**Assignment**. Scan the entries for the word "user" and return every line that has it.

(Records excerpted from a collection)
⁂

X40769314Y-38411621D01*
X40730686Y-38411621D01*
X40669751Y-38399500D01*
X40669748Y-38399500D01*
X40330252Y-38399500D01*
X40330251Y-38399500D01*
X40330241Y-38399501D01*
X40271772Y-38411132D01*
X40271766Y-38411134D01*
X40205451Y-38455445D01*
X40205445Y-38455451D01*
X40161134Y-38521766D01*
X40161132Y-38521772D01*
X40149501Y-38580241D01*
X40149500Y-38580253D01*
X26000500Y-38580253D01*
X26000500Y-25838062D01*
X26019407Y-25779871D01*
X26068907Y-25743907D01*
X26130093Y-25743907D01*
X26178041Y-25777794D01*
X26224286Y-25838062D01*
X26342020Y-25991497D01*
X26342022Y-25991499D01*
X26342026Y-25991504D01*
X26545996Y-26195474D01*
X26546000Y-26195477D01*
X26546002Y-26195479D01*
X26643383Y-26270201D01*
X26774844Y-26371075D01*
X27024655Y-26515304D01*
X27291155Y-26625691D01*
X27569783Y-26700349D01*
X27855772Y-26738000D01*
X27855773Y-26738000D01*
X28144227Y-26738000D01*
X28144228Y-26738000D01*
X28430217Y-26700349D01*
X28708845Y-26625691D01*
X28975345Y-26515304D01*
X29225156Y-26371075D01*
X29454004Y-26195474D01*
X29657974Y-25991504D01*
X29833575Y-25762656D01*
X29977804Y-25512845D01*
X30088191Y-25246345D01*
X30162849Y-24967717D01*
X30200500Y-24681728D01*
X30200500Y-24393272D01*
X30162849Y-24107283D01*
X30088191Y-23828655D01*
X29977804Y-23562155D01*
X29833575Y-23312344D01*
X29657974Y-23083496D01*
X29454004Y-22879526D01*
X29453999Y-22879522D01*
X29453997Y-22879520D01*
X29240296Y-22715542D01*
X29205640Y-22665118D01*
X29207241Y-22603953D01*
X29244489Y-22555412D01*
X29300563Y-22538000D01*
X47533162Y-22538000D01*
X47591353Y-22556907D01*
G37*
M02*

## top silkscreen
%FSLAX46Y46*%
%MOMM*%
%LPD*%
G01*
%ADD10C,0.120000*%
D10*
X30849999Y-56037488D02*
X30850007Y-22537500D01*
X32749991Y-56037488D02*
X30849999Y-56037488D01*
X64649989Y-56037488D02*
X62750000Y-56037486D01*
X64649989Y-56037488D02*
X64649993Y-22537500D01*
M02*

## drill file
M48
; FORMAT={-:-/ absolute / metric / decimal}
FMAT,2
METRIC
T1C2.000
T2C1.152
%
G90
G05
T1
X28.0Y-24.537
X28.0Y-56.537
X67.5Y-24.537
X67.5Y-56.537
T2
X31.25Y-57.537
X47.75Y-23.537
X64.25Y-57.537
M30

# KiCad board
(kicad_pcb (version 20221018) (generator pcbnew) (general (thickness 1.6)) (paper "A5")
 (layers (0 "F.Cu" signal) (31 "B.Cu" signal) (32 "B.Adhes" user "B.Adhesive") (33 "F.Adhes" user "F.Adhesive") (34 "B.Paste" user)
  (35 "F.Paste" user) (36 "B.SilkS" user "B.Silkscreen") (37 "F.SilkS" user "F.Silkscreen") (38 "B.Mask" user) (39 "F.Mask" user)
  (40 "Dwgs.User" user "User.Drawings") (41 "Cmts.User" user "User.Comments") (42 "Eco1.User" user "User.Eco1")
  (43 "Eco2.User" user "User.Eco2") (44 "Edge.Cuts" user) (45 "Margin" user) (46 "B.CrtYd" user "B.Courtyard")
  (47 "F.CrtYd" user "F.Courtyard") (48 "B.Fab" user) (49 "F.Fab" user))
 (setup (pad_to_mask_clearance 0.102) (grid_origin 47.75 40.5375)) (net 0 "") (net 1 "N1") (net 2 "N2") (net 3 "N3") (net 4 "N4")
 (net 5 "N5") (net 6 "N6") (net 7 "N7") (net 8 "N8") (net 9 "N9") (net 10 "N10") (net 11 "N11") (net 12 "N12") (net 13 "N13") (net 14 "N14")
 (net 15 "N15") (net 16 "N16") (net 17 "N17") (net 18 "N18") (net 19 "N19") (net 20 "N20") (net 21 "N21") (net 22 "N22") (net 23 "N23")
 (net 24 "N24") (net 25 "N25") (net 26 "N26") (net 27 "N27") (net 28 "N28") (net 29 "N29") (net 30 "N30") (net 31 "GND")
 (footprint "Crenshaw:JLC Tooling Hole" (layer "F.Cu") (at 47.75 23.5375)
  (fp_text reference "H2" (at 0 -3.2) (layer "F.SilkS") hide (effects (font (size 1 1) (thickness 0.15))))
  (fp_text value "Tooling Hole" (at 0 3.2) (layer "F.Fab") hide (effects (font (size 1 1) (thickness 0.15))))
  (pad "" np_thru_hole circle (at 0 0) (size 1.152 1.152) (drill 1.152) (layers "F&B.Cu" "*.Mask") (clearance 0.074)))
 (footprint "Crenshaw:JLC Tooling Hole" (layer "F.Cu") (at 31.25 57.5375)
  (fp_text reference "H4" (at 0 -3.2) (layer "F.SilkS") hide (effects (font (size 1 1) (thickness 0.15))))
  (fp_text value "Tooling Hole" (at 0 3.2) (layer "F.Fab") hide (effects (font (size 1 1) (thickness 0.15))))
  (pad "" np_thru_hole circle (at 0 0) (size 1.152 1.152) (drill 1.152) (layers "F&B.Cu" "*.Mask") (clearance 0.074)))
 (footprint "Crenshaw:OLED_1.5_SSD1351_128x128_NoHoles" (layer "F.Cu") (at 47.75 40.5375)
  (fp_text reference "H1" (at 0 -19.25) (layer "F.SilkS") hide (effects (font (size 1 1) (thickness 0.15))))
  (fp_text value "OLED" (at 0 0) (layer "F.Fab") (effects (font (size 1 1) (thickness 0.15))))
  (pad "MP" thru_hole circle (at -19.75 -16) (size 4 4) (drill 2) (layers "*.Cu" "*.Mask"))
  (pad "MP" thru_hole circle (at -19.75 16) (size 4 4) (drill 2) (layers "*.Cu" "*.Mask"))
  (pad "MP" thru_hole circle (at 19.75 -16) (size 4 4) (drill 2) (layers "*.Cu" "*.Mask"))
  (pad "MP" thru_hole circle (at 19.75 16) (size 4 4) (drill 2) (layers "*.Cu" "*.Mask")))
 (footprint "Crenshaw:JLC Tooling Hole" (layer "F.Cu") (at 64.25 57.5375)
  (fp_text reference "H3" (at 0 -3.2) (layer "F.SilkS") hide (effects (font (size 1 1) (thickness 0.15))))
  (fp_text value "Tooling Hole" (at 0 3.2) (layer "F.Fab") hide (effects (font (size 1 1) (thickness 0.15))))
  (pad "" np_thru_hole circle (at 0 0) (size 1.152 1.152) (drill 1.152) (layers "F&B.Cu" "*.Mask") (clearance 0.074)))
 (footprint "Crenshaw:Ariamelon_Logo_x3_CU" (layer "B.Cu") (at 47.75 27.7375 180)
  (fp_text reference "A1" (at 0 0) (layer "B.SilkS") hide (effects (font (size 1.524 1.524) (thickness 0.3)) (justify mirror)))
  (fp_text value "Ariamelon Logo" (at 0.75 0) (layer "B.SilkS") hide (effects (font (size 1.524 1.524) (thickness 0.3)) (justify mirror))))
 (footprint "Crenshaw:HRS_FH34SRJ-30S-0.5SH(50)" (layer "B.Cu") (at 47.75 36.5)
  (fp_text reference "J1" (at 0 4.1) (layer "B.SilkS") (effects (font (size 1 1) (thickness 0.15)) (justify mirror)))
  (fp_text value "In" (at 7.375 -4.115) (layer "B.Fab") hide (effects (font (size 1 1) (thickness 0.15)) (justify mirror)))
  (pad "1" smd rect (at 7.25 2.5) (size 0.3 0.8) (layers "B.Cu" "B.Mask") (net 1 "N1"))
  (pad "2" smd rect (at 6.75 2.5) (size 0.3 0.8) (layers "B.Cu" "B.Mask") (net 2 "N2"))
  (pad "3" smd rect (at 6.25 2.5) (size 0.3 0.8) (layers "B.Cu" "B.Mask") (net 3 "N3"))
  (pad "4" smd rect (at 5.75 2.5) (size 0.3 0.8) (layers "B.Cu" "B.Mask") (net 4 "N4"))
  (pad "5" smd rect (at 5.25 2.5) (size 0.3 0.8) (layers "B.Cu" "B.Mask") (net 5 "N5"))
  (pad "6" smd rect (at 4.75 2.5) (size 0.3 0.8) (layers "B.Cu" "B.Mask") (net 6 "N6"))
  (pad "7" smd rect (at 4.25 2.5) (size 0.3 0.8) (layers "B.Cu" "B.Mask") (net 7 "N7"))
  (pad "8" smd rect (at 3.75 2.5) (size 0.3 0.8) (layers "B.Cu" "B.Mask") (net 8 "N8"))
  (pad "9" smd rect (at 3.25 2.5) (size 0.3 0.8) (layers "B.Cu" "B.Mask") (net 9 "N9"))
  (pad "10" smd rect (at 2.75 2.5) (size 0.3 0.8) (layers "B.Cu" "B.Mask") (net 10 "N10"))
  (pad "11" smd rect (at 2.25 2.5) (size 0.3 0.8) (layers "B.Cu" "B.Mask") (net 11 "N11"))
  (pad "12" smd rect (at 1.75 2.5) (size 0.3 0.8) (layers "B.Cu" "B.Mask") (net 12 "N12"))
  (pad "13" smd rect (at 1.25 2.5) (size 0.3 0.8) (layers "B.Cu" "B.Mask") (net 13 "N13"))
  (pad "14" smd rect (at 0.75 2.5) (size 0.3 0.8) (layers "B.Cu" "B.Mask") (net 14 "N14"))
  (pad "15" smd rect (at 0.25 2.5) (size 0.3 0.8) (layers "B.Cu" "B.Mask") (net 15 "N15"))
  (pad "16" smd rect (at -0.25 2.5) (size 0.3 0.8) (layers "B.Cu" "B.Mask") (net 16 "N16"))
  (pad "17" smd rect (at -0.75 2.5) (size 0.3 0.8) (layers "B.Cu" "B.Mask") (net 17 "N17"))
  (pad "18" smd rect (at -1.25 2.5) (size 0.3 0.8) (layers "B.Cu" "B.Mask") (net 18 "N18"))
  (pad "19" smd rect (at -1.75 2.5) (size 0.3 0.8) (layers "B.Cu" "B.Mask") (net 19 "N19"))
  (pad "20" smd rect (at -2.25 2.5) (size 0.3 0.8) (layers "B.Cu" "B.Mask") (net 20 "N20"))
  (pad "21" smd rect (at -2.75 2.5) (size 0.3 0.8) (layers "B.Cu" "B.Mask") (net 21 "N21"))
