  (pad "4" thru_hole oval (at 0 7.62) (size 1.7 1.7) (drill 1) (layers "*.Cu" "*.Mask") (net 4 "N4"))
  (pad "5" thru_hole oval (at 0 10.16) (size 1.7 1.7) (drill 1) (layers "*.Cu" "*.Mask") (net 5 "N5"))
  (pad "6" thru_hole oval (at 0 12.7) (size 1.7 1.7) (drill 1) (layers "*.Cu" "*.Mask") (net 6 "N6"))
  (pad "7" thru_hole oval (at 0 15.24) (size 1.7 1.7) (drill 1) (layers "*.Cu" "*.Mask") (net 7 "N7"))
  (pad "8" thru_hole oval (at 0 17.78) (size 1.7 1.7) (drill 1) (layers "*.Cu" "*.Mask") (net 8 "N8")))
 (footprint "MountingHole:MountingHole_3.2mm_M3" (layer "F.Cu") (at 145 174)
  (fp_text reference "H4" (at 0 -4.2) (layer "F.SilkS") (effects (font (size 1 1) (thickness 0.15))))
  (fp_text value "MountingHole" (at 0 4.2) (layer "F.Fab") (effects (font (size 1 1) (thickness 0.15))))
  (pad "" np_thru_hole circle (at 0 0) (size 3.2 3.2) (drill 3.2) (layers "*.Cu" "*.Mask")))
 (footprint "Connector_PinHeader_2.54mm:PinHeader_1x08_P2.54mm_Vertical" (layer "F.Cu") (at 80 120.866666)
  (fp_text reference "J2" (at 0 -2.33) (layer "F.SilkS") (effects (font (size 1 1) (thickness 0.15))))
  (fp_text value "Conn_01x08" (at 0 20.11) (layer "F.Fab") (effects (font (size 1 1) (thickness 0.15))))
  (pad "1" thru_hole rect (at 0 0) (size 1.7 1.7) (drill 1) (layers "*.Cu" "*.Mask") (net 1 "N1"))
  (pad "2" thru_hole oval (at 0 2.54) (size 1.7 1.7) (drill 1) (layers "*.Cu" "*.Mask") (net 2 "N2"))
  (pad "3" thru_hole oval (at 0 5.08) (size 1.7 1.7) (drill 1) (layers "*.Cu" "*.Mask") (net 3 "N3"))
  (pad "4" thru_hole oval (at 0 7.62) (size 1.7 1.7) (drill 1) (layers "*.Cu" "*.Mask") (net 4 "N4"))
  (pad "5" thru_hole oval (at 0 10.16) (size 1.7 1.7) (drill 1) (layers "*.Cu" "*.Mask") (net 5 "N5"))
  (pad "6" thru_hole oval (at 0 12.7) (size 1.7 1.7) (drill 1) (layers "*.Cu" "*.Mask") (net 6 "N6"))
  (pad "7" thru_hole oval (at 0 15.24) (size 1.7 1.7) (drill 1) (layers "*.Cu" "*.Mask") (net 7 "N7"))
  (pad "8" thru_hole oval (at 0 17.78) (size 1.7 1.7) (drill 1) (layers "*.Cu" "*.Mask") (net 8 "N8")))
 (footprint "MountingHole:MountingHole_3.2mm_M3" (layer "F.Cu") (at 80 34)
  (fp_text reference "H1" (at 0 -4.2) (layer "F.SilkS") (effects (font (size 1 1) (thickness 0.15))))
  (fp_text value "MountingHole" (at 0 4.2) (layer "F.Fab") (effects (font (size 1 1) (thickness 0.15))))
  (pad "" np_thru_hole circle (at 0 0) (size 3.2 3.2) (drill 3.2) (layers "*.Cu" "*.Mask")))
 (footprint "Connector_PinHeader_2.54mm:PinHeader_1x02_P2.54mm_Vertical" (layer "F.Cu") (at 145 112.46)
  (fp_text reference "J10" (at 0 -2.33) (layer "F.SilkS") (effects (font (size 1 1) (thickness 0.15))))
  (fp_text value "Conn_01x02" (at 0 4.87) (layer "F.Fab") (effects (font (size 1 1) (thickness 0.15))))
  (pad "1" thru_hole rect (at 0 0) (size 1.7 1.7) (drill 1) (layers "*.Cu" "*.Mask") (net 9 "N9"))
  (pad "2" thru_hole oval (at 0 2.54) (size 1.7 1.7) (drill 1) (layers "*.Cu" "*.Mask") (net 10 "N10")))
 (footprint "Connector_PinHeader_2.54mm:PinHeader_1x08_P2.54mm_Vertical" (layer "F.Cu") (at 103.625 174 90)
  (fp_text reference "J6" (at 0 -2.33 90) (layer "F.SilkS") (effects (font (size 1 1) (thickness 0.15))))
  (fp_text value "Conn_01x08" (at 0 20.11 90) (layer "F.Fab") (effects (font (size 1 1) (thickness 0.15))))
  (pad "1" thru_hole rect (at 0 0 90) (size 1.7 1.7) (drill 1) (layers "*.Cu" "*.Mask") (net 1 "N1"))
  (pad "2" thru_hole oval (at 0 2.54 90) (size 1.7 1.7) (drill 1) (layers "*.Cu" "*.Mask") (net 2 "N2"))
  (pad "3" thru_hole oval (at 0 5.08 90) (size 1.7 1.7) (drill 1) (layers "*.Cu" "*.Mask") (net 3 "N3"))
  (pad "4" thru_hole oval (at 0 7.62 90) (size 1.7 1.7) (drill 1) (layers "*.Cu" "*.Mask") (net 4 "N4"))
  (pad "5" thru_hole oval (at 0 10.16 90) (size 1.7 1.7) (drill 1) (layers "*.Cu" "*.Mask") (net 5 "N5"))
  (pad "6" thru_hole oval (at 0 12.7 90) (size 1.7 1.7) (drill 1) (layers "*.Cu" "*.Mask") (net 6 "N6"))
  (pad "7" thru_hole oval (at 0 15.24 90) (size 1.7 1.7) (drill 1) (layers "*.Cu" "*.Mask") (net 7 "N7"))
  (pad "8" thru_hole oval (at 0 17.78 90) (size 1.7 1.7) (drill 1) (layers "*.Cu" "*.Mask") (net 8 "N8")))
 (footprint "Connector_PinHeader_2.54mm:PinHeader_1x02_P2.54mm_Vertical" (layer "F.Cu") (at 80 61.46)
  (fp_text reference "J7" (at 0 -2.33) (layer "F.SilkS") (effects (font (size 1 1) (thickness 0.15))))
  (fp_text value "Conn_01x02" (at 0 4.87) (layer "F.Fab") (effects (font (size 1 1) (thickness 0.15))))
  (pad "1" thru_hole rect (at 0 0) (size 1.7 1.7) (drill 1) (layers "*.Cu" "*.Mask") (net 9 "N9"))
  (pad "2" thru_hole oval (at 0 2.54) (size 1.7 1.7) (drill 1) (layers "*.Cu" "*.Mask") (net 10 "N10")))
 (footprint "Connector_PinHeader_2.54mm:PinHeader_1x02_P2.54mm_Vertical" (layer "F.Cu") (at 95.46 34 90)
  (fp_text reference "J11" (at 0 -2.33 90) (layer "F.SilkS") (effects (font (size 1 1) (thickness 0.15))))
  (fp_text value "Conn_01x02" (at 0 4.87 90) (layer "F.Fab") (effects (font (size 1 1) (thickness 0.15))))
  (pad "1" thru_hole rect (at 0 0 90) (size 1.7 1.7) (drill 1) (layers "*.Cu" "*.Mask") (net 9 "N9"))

⁂

**Answer section**.
 (layers (0 "F.Cu" signal) (31 "B.Cu" signal) (32 "B.Adhes" user "B.Adhesive") (33 "F.Adhes" user "F.Adhesive") (34 "B.Paste" user)
  (35 "F.Paste" user) (36 "B.SilkS" user "B.Silkscreen") (37 "F.SilkS" user "F.Silkscreen") (38 "B.Mask" user) (39 "F.Mask" user)
  (40 "Dwgs.User" user "User.Drawings") (41 "Cmts.User" user "User.Comments") (42 "Eco1.User" user "User.Eco1")
  (43 "Eco2.User" user "User.Eco2") (44 "Edge.Cuts" user) (45 "Margin" user) (46 "B.CrtYd" user "B.Courtyard")
  (47 "F.CrtYd" user "F.Courtyard") (48 "B.Fab" user) (49 "F.Fab" user))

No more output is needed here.